One other note about the APS SLR images. There are clues right in front of you that distinguish between a digital photo and a scanned APS print. First off the dimensions ate a little weird, most APS prints are 16:9 or panoramas as opposed to the (usually) 4:3 digital ones. Also I disabled the click to enlarge feature on the scanned APS prints, the resolution of the APS film isn’t great, and even a higher quality scan is noticeably blurry when enlarged. So if you are new here and continuing backwards all the way to 1997, expect to see more and more scanned APS prints as you go.
As for the picture, we’re in Philadelphia. More about that next.
I was in Philadelphia for a weekend trip. From home, I took a train into New York Penn then a shockingly cheap Amtrak train right to 30th Street. Then early Monday morning, I took a packed Acela train up to Stamford and then a Metro North train for the last leg up to South Norwalk and work. It was an easy trip and not driving to Philadelphia (or Connecticut) is always a bonus.
As to why I wanted to go to Philadelphia in the first place, it was specifically to see this building. This is the Kimmel Center for the Performing Arts by Rafael Vinoly, featuring a spectacular top level winter garden room, pictured below.
I visited the Kimmel Center twice over the weekend, once under a sunny sky to enjoy the top floor winter garden and then again at night to enjoy a performance. It was the Philadelphia Symphony (I think) playing, um, something- don’t ask me what, I was there to see the theatre and experience the building, not there for the music.
I don’t normally stay overnight in Philadelphia that often (it’s not all that far away), but all that might change since I found a great hotel there.

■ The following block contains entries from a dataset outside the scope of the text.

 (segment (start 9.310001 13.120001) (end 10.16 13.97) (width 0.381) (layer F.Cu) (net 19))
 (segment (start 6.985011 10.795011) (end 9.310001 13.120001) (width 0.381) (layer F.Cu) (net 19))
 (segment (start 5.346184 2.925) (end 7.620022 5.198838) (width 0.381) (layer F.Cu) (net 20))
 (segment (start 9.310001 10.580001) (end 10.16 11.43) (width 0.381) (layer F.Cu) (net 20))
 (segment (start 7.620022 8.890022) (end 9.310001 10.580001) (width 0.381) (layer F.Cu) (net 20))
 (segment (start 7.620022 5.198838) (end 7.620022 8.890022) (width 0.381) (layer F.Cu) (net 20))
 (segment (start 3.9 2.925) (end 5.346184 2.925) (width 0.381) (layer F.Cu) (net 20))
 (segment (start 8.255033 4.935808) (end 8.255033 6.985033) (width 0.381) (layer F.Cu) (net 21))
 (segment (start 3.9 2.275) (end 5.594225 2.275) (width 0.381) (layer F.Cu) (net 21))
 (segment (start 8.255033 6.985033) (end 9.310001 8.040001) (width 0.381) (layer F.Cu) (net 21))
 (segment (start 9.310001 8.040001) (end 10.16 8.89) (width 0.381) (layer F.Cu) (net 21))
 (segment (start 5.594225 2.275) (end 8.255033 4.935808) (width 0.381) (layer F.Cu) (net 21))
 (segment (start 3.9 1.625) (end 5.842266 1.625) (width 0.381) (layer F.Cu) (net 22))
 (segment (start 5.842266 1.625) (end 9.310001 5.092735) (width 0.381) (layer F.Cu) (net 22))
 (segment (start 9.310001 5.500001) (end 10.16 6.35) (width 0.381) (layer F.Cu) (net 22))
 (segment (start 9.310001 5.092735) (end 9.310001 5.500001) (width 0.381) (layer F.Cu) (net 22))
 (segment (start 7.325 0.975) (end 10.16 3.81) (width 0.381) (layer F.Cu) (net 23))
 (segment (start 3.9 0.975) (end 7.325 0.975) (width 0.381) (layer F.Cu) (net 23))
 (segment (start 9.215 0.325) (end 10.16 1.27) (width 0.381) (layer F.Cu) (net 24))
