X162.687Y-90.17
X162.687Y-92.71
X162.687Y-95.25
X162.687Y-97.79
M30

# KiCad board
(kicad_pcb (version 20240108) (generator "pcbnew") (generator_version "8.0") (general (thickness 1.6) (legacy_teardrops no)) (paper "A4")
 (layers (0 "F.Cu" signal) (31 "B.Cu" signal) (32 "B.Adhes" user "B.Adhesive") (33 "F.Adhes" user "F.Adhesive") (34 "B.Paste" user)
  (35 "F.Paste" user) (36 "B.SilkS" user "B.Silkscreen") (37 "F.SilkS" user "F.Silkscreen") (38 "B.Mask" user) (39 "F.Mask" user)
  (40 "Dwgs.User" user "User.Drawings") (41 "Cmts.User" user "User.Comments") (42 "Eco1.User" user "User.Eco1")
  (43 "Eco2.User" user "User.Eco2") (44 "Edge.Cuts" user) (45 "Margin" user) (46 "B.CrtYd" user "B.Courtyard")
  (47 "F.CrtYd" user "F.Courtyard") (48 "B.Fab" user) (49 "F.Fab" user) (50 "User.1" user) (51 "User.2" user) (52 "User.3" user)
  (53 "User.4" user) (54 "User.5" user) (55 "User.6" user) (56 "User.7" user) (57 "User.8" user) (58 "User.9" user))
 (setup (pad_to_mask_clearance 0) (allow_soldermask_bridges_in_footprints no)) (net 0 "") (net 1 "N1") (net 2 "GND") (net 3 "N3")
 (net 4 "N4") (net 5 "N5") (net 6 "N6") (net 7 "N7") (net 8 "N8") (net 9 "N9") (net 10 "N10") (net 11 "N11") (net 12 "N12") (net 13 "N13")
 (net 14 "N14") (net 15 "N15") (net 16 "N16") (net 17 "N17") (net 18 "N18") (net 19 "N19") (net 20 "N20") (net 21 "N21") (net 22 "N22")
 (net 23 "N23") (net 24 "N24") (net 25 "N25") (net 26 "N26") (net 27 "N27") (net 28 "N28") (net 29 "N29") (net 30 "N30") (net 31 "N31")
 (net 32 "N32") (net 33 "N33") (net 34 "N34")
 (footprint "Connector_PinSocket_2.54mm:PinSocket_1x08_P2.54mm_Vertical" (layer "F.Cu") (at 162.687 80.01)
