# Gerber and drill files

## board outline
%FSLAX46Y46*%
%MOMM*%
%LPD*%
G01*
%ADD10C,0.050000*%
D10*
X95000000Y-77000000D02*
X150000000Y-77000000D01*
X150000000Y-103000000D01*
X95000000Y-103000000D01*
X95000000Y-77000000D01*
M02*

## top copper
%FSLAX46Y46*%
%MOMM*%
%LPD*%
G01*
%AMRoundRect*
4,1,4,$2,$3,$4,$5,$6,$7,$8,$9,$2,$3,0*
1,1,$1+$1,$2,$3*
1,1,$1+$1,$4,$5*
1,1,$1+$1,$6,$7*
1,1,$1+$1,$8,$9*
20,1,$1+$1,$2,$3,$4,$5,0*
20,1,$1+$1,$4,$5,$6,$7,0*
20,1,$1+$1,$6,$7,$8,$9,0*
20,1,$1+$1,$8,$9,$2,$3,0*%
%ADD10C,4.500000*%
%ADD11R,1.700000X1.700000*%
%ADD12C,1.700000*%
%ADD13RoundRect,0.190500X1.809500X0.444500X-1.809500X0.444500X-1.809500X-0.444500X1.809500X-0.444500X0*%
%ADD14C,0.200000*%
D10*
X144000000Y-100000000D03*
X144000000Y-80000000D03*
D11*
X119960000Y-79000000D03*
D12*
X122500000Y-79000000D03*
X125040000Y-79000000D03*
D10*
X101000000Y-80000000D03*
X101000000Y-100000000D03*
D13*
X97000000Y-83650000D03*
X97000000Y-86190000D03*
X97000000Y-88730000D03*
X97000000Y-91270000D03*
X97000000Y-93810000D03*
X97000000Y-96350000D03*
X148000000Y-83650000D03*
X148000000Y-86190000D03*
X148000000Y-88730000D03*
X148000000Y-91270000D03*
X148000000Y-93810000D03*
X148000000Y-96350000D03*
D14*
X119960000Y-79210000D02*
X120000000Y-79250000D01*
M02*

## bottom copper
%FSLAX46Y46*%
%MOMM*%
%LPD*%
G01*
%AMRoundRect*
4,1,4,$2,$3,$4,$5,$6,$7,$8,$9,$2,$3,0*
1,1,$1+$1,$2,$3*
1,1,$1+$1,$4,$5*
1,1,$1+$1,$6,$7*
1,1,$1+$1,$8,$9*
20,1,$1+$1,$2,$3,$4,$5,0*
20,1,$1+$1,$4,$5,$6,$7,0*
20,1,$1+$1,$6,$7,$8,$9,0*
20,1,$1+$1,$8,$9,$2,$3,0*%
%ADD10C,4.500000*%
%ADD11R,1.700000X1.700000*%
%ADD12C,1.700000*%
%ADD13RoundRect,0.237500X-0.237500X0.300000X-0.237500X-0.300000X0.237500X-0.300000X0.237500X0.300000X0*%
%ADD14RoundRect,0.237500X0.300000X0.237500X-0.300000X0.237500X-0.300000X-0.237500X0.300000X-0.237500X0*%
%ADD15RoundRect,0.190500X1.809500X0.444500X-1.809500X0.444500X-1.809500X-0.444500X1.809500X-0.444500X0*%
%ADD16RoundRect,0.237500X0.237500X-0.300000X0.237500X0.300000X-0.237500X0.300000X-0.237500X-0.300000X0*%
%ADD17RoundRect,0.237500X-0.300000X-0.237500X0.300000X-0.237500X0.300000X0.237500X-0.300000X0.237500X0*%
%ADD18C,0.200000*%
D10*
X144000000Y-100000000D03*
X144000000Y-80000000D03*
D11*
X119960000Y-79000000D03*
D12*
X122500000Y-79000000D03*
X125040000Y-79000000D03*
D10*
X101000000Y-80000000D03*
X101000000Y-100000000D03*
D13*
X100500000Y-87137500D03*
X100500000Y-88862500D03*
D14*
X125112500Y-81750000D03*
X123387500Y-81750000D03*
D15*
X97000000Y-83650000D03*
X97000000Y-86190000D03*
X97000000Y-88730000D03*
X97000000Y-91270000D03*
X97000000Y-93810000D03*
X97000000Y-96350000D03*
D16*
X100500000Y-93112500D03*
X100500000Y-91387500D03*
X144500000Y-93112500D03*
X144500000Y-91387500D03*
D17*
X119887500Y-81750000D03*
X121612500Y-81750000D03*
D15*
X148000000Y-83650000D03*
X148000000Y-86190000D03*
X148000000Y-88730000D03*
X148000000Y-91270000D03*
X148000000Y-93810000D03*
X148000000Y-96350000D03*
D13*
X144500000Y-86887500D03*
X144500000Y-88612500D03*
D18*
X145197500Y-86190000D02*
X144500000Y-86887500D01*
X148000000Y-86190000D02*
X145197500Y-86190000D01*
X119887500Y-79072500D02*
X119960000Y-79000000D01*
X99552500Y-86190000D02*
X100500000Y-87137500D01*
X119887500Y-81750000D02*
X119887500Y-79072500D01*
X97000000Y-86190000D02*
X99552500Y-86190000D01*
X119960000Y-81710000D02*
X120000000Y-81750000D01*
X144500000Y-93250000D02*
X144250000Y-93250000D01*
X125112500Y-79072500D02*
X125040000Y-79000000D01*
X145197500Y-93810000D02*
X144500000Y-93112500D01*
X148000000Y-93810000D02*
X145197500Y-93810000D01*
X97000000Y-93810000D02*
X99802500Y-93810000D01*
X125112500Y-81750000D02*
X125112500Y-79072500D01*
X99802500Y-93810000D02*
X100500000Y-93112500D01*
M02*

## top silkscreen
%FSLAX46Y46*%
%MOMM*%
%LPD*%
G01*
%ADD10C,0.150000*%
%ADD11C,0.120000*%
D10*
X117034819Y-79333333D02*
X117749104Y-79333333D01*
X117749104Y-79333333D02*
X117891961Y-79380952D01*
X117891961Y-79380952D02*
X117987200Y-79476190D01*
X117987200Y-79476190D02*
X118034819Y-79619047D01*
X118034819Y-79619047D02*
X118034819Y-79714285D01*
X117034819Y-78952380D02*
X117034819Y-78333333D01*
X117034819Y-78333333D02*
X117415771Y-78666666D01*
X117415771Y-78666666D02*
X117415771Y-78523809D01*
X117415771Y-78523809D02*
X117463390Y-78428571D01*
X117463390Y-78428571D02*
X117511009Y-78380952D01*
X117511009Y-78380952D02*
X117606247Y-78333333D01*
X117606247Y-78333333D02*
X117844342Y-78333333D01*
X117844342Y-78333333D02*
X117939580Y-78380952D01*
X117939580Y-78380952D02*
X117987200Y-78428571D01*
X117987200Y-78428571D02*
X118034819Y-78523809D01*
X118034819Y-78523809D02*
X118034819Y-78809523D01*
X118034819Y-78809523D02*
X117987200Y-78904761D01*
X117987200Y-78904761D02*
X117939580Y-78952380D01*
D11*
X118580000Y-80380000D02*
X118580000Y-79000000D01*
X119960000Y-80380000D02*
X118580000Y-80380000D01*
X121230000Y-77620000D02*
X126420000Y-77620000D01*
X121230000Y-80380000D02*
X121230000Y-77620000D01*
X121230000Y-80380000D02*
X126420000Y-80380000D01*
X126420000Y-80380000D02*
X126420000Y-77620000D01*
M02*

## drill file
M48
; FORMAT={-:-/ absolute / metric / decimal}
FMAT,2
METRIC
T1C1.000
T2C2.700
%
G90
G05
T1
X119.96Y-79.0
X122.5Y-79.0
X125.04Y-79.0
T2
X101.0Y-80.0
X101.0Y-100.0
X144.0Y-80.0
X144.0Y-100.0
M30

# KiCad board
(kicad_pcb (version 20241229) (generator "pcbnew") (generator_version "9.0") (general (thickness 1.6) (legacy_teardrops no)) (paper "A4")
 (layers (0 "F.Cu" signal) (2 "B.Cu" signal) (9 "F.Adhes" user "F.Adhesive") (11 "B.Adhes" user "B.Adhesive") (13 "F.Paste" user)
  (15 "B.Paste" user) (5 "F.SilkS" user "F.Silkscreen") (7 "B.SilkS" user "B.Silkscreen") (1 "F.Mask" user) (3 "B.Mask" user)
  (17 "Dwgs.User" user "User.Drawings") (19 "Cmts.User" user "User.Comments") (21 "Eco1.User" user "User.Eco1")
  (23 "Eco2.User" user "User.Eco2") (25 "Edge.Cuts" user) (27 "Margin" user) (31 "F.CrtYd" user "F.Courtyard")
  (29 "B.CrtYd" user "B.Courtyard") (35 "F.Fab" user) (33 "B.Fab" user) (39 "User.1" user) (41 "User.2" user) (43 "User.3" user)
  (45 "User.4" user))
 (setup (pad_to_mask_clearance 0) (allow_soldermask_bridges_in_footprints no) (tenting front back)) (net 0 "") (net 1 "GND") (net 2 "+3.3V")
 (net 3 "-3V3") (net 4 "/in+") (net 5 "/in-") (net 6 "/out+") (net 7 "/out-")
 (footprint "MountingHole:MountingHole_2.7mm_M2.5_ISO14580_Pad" (layer "F.Cu") (at 144 100)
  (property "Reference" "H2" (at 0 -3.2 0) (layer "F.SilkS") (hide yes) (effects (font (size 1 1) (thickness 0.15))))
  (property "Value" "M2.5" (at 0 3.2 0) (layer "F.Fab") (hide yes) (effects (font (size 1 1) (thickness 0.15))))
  (pad "1" thru_hole circle (at 0 0) (size 4.5 4.5) (drill 2.7) (layers "*.Cu" "*.Mask") (remove_unused_layers no) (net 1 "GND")
   (zone_connect 2)))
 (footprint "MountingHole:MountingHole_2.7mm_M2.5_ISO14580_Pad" (layer "F.Cu") (at 144 80)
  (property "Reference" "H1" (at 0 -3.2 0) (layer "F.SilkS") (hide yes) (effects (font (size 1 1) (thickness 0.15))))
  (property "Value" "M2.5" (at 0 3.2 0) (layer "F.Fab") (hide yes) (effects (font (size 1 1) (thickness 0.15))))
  (pad "1" thru_hole circle (at 0 0) (size 4.5 4.5) (drill 2.7) (layers "*.Cu" "*.Mask") (remove_unused_layers no) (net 1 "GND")
   (zone_connect 2)))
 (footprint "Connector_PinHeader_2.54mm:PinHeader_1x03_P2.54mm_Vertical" (layer "F.Cu") (at 119.96 79 90)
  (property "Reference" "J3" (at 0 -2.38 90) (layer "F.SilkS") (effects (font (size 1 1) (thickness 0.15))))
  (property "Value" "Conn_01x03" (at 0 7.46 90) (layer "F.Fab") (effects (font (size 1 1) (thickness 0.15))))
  (fp_line (start -1.38 -1.38) (end 0 -1.38) (stroke (width 0.12) (type solid)) (layer "F.SilkS"))
  (fp_line (start -1.38 0) (end -1.38 -1.38) (stroke (width 0.12) (type solid)) (layer "F.SilkS"))
  (fp_line (start 1.38 1.27) (end 1.38 6.46) (stroke (width 0.12) (type solid)) (layer "F.SilkS"))
  (fp_line (start -1.38 1.27) (end 1.38 1.27) (stroke (width 0.12) (type solid)) (layer "F.SilkS"))
  (fp_line (start -1.38 1.27) (end -1.38 6.46) (stroke (width 0.12) (type solid)) (layer "F.SilkS"))
  (fp_line (start -1.38 6.46) (end 1.38 6.46) (stroke (width 0.12) (type solid)) (layer "F.SilkS"))
  (pad "1" thru_hole rect (at 0 0 90) (size 1.7 1.7) (drill 1) (layers "*.Cu" "*.Mask") (remove_unused_layers no) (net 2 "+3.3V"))
  (pad "2" thru_hole circle (at 0 2.54 90) (size 1.7 1.7) (drill 1) (layers "*.Cu" "*.Mask") (remove_unused_layers no) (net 1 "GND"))
  (pad "3" thru_hole circle (at 0 5.08 90) (size 1.7 1.7) (drill 1) (layers "*.Cu" "*.Mask") (remove_unused_layers no) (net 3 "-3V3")))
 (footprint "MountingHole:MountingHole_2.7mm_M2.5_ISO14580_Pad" (layer "F.Cu") (at 101 80)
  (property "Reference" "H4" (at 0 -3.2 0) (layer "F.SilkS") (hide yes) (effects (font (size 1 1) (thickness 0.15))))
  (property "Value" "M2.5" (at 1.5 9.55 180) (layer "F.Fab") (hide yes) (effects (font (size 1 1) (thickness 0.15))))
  (pad "1" thru_hole circle (at 0 0) (size 4.5 4.5) (drill 2.7) (layers "*.Cu" "*.Mask") (remove_unused_layers no) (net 1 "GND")
   (zone_connect 2)))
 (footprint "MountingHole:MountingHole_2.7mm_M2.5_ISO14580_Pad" (layer "F.Cu") (at 101 100)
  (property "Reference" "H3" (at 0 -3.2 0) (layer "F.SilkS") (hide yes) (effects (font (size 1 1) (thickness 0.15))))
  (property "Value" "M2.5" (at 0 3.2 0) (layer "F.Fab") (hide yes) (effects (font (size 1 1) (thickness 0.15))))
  (pad "1" thru_hole circle (at 0 0) (size 4.5 4.5) (drill 2.7) (layers "*.Cu" "*.Mask") (remove_unused_layers no) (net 1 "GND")
   (zone_connect 2)))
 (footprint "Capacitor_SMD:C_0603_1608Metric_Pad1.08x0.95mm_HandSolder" (layer "B.Cu") (at 100.5 88 -90)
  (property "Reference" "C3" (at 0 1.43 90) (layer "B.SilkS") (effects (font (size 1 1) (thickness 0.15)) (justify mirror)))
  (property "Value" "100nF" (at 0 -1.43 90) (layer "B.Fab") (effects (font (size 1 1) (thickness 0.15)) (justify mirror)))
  (pad "1" smd roundrect (at -0.8625 0 270) (size 1.075 0.95) (layers "B.Cu" "B.Mask" "B.Paste") (roundrect_rratio 0.25) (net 2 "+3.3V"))
  (pad "2" smd roundrect (at 0.8625 0 270) (size 1.075 0.95) (layers "B.Cu" "B.Mask" "B.Paste") (roundrect_rratio 0.25) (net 1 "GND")))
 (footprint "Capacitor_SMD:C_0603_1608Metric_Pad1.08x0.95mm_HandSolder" (layer "B.Cu") (at 124.25 81.75 180)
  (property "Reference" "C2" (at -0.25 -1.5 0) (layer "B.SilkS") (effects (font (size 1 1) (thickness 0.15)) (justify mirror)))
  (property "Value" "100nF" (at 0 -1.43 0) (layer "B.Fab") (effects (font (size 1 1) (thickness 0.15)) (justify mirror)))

This is the Loews Philadelphia inside William Lescaze’s landmark PSFS Building, an International Style classic on Market Street,
Not only is the building fun to be in, the views out from the hotel room can be pretty spectacular too.
It’s not too hard to get to the still new Core States Center, um, I mean the recently renamed First Union Center, um, I mean the recently re-renamed Wachovia Center, so I decided to head down and see a game where the hometown Flyers played (and eventually defeated) the Boston Bruins. As you probably already know from reading these slideshows, I am a hockey fan and, more specifically, a New Jersey Devils fan, and it’s always interesting seeing other teams arenas and fan bases. Inside the Wachovia Center it felt like being inside a beehive or a Star Trek Borg Collective Cube, with Flyers fans wandering around kind of mindlessly waiting to plug in and become part of one mind, one swearing at the ref and Bruins booing mind. I felt a little out of place as possibly the only person in the crowd not wearing a Flyers jersey and also as possibly the only person there actually thinking for themselves.